Content area
Full Text
Before he invented behaviorism, John B. Watson considered learning one of the most important topics in psychology. Watson conducted excellent empirical research on animal learning. He developed behaviorism in part to promote research and elevate the status of learning in psychology. Watson was much less successful in the adequacy and originality of the mechanisms he proposed to explain learning. By assimilating the method of classical conditioning and adopting Pavlov's theory of stimulus substitution, Watson linked behaviorism with a new method that could compete with both Titchener's method of introspection and Freud's methods of psychoanalysis. Watson's interest in explaining psychopathology led to the discovery of conditioned emotional responses and a behavioristic explanation for the learning of phobic behavior. Watson established learning as a central topic for basic research and application in American psychology.
Learning in animals is probably the most important topic in the whole study of behavior (Watson, 1914, p. 45).
No experimenter has yet set his experimental problems in such a way as to construct from his data a guiding theory of habit formation (Watson, 1925, p. 25).
In 1930, when he revised Behaviorism for the last time, Watson expressed satisfaction that behaviorism was strongly entrenched as a point of view in American psychology. He took the occasion to repeat a major theme of his career, the contrast between the old psychology of James's and Titchener's introspection and what he called the new psychology of behaviorism. From his point of view, Watson had achieved great success in his primary goal of changing the subject matter of psychology from consciousness to behavior. After telling his readers that consciousness was the subject matter of the old psychology, Watson repeated the main point of his manifesto on behaviorism (Watson, 1913a), that "behaviorism, on the contrary, holds that the subject matter of human psychology is the behavior of the human being" (1930, p. 2).

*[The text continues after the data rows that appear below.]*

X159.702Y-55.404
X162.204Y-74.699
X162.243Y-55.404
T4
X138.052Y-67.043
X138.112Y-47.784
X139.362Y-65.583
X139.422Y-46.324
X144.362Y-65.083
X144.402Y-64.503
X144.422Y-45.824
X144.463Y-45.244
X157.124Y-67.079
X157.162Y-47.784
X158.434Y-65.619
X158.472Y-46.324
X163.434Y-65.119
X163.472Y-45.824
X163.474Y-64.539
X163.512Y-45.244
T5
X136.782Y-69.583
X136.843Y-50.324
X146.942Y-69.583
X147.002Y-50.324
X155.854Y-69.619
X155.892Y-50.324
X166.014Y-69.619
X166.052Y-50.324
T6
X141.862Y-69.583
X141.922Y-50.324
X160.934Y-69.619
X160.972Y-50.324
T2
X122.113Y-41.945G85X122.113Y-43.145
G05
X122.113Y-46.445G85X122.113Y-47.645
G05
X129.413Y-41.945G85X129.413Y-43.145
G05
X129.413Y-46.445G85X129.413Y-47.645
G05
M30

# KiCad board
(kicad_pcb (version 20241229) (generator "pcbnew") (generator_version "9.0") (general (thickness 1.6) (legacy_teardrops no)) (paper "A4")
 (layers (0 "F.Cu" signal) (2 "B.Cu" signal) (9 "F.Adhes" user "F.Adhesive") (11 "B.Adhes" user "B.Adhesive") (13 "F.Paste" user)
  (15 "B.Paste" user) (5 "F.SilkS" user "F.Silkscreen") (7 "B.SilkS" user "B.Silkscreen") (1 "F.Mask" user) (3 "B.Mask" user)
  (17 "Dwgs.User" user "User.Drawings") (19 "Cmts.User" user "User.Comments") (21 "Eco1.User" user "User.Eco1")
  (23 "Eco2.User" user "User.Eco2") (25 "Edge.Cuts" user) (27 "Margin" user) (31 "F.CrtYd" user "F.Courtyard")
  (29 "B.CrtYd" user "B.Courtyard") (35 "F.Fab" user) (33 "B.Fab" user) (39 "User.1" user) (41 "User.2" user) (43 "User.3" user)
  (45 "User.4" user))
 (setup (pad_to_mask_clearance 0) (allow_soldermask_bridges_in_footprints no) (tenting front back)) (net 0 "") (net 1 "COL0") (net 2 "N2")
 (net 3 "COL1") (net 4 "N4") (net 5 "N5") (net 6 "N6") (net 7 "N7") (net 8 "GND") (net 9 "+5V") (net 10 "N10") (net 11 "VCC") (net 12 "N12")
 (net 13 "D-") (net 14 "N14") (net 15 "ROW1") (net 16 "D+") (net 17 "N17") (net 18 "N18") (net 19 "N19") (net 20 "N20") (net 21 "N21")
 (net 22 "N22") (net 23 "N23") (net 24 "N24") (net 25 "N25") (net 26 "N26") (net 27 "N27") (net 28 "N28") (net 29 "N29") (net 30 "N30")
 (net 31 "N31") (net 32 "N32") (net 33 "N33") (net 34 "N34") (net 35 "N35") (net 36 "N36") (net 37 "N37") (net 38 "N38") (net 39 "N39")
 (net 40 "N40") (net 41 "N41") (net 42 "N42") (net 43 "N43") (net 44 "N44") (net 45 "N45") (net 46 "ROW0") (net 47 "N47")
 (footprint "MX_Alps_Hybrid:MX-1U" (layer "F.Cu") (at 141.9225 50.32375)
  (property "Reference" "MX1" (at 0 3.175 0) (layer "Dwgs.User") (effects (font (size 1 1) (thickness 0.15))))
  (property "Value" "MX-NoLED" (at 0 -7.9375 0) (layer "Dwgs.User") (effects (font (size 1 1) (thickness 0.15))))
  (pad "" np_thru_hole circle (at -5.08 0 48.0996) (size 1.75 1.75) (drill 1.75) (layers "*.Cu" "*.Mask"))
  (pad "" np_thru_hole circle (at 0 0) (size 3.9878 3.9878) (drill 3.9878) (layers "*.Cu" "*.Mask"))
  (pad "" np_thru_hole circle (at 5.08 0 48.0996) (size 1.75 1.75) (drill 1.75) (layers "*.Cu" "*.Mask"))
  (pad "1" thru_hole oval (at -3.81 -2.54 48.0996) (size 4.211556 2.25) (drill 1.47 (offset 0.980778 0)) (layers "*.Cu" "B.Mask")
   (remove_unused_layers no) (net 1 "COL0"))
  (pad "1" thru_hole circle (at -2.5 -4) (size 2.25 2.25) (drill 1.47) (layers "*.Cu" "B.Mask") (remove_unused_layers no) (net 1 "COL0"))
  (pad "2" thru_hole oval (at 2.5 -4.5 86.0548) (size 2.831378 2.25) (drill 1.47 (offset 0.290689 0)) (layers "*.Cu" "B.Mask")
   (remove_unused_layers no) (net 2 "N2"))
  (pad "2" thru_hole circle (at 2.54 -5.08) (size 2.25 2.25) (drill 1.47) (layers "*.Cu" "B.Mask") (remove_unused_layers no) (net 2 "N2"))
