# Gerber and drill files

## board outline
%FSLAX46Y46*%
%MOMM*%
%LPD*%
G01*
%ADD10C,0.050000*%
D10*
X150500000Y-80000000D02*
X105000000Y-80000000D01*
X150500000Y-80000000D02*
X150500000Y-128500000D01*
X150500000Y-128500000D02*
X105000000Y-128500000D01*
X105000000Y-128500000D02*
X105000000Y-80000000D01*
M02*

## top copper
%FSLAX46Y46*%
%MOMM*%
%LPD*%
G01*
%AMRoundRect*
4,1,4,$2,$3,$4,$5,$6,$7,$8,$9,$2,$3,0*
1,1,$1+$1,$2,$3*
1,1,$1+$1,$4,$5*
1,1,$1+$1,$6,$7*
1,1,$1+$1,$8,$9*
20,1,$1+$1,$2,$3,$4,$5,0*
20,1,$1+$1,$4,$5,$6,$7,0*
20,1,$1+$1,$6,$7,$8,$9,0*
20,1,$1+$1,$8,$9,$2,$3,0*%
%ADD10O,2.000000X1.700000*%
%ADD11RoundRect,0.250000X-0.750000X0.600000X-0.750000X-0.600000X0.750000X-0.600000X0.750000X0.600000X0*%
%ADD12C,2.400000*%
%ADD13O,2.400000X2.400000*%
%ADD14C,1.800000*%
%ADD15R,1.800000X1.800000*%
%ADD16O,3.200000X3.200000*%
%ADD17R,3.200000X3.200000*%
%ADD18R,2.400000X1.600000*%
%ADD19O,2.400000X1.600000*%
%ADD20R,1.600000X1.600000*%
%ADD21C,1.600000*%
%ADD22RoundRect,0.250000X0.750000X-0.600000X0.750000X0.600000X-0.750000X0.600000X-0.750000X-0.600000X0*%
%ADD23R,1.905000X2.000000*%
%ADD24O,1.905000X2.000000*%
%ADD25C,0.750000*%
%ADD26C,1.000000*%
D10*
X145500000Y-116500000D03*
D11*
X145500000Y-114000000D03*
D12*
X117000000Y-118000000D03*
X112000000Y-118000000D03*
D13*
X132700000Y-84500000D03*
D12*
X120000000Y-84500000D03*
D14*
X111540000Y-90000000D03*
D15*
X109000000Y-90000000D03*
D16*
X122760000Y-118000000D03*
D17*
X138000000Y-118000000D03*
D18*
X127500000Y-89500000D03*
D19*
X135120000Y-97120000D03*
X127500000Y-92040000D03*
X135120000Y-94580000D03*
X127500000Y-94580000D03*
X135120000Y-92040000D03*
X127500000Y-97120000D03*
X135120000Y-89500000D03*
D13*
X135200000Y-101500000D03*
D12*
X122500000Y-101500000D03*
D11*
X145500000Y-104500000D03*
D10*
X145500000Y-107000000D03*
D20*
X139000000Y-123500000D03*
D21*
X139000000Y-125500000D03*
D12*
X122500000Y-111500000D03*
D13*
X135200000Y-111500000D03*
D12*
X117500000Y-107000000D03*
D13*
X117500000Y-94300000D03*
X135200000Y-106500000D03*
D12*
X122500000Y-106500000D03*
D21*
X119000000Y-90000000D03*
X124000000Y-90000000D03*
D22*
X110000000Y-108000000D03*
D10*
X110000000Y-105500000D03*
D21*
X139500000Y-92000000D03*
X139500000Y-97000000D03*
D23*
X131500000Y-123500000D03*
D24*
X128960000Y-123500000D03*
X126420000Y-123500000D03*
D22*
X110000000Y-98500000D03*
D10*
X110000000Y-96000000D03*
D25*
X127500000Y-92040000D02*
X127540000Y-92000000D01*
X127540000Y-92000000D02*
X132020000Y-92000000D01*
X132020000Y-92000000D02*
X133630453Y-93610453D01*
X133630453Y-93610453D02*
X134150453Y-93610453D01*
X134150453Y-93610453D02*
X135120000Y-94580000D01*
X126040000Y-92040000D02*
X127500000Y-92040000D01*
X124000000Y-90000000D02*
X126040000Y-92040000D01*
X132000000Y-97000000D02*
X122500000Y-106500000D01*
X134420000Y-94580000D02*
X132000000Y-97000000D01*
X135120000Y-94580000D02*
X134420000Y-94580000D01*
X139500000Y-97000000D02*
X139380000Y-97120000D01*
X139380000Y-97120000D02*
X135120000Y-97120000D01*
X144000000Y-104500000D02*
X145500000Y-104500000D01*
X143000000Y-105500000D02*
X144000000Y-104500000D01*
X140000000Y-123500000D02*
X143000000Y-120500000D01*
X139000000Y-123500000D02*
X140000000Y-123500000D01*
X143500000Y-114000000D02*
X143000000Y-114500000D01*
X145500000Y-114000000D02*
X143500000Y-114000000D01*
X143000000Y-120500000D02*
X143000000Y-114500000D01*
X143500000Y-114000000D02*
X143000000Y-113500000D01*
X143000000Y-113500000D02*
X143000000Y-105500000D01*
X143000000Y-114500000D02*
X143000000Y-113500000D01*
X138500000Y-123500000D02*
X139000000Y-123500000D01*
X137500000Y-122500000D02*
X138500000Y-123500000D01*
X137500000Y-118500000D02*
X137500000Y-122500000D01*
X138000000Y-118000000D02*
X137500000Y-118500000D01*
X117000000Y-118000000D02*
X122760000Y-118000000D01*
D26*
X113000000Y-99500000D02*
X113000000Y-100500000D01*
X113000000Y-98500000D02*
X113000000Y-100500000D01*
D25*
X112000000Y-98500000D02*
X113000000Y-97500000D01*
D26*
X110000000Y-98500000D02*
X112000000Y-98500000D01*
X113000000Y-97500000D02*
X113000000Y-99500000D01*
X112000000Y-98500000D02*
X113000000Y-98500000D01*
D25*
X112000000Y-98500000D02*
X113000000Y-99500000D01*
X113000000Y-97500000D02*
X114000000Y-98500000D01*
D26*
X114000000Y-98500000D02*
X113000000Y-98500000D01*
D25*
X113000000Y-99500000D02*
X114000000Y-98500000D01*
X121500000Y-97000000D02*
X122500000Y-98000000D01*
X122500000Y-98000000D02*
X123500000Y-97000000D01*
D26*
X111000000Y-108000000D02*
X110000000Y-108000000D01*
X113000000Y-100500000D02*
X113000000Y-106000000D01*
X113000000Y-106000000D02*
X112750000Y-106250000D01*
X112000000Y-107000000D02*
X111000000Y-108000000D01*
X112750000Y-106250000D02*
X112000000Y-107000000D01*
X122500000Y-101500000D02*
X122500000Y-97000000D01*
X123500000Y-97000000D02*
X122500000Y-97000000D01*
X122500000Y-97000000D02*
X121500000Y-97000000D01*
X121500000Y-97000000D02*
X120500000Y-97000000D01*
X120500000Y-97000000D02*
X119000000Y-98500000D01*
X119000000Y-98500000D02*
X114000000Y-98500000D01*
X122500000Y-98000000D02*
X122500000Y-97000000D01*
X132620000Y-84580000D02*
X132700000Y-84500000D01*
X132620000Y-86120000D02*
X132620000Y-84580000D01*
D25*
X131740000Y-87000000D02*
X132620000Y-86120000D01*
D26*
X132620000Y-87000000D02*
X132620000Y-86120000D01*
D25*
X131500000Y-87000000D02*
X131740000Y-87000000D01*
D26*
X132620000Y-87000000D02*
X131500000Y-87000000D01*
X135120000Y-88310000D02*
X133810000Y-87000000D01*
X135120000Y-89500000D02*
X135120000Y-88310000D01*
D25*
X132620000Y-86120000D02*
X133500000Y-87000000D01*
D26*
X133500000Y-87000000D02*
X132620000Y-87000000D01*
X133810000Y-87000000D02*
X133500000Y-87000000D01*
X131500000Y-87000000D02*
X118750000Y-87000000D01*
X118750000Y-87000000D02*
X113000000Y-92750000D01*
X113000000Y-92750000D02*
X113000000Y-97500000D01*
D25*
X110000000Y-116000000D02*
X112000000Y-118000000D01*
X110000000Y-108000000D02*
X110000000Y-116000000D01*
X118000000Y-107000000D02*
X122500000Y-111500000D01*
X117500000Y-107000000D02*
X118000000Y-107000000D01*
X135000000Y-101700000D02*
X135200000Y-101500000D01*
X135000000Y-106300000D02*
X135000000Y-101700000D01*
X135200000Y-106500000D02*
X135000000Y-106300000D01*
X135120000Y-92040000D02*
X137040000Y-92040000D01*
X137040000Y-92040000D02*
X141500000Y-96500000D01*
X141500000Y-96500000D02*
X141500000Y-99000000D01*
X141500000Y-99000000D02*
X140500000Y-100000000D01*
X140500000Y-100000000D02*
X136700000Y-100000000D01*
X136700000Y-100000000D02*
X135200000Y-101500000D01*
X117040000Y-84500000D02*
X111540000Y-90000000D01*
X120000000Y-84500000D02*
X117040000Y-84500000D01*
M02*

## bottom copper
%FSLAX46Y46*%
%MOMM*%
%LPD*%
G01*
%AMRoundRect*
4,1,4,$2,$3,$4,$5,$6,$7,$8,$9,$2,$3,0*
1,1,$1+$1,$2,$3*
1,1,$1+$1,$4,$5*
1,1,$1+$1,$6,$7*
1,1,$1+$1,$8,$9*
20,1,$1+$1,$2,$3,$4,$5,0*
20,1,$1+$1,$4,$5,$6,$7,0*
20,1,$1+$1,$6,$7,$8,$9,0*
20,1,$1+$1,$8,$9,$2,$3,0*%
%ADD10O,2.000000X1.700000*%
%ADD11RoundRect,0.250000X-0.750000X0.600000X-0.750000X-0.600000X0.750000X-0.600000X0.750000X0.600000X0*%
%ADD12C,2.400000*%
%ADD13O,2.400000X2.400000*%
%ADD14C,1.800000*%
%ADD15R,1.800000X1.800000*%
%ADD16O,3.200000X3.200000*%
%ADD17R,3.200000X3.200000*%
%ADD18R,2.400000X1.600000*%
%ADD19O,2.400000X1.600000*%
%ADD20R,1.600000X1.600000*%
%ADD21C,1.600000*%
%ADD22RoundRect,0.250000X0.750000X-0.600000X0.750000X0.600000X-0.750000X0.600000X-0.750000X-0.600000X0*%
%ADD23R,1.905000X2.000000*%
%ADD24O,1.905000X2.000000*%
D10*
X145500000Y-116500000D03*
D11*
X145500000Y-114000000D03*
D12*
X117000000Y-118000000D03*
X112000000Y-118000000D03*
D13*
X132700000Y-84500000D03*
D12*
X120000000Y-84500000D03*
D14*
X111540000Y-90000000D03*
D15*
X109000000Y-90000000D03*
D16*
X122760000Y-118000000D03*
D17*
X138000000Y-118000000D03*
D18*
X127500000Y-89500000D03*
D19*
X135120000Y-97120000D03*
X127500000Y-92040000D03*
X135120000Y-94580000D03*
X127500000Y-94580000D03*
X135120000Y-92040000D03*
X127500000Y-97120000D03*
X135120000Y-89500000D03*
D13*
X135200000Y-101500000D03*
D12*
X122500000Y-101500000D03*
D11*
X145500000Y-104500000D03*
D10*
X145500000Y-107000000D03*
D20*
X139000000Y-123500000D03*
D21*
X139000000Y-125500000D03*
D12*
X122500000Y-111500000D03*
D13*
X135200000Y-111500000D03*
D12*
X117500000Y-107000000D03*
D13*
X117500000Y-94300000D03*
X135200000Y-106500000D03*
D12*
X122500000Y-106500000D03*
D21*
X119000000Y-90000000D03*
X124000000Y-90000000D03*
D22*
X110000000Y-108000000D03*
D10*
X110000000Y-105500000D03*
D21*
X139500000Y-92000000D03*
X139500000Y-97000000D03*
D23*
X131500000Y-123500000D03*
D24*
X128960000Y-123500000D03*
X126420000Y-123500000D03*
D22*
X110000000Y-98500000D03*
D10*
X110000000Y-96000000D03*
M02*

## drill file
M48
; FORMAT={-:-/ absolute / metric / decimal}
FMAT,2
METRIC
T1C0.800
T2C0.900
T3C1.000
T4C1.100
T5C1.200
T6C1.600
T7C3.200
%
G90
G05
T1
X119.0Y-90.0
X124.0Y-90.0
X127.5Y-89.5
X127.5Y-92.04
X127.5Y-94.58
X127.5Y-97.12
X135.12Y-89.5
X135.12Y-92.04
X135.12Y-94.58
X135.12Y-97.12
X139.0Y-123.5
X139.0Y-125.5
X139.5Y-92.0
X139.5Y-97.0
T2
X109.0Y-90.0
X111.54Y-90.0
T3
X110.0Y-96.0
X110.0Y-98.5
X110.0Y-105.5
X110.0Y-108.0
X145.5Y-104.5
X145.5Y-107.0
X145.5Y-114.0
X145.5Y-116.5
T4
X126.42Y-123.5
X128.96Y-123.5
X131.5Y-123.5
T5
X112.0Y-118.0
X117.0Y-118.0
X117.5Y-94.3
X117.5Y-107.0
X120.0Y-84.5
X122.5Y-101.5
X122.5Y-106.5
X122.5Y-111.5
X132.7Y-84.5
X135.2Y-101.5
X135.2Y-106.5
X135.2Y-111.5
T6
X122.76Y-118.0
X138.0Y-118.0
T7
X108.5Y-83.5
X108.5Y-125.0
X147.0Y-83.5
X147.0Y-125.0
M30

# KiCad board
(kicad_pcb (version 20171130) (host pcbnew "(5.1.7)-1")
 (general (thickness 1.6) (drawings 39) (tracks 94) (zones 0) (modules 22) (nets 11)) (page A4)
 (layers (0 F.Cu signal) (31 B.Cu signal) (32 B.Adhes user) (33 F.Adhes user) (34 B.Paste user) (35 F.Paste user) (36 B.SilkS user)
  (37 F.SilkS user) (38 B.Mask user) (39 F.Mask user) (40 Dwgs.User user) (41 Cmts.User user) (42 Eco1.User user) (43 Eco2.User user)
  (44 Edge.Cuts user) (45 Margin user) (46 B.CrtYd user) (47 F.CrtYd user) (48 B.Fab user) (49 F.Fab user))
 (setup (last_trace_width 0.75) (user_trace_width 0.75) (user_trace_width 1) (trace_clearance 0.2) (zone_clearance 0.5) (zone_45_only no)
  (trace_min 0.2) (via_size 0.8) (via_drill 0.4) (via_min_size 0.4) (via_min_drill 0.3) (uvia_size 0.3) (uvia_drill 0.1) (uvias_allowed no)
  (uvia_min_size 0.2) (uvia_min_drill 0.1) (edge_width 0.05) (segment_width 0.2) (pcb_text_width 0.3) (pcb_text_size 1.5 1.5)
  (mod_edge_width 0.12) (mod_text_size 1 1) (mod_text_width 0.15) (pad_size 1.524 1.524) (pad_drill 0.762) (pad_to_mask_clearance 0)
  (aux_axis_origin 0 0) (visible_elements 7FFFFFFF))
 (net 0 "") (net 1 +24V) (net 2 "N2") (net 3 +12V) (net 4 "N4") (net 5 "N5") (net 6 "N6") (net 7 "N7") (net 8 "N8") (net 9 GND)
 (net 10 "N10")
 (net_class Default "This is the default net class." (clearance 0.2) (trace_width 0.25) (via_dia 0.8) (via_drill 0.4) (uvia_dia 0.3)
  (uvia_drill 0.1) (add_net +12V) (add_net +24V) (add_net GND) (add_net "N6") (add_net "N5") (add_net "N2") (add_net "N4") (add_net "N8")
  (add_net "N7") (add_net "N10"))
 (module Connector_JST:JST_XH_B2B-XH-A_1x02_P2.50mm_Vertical (layer F.Cu) (at 145.5 114 270)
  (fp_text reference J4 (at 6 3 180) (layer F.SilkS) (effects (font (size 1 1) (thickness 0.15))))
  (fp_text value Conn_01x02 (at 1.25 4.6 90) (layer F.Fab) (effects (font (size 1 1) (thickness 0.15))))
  (pad 2 thru_hole oval (at 2.5 0 270) (size 1.7 2) (drill 1) (layers *.Cu *.Mask))
  (pad 1 thru_hole roundrect (at 0 0 270) (size 1.7 2) (drill 1) (layers *.Cu *.Mask) (roundrect_rratio 0.147059) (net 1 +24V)))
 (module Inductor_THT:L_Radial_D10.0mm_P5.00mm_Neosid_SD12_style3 (layer F.Cu) (at 112 118)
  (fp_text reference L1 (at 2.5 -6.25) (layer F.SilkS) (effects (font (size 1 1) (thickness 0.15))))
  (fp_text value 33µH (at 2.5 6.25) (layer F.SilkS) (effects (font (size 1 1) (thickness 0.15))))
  (pad 2 thru_hole circle (at 5 0) (size 2.4 2.4) (drill 1.2) (layers *.Cu *.Mask) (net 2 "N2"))
  (pad 1 thru_hole circle (at 0 0) (size 2.4 2.4) (drill 1.2) (layers *.Cu *.Mask) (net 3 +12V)))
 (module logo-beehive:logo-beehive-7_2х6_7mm (layer F.Cu) (at 139 85)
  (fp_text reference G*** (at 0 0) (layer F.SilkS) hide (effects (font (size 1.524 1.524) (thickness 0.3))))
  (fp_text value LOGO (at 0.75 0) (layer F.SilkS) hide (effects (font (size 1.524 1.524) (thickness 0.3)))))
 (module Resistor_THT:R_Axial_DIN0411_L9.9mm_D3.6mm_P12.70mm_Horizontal (layer F.Cu) (at 120 84.5)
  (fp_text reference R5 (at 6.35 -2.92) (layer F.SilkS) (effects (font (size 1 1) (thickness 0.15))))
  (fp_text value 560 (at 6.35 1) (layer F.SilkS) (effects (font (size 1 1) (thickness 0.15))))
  (pad 2 thru_hole oval (at 12.7 0) (size 2.4 2.4) (drill 1.2) (layers *.Cu *.Mask) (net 3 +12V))
  (pad 1 thru_hole circle (at 0 0) (size 2.4 2.4) (drill 1.2) (layers *.Cu *.Mask) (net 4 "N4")))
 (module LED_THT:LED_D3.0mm (layer F.Cu) (at 109 90)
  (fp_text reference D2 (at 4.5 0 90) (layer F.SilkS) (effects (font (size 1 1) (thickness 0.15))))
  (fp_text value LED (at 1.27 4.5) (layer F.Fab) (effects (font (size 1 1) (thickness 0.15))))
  (pad 2 thru_hole circle (at 2.54 0) (size 1.8 1.8) (drill 0.9) (layers *.Cu *.Mask) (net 4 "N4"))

What historical factors led Watson to propose a change in the subject matter of psychology from consciousness to behavior? Although many factors, both in American culture at large and in American psychology, contributed to the origins of behaviorism (Burnham, 1968; Mills, 1998; O'Donnell, 1985), the challenge of explaining learning was central to the origins and subsequent development of John B. Watson's behaviorism. By 1930...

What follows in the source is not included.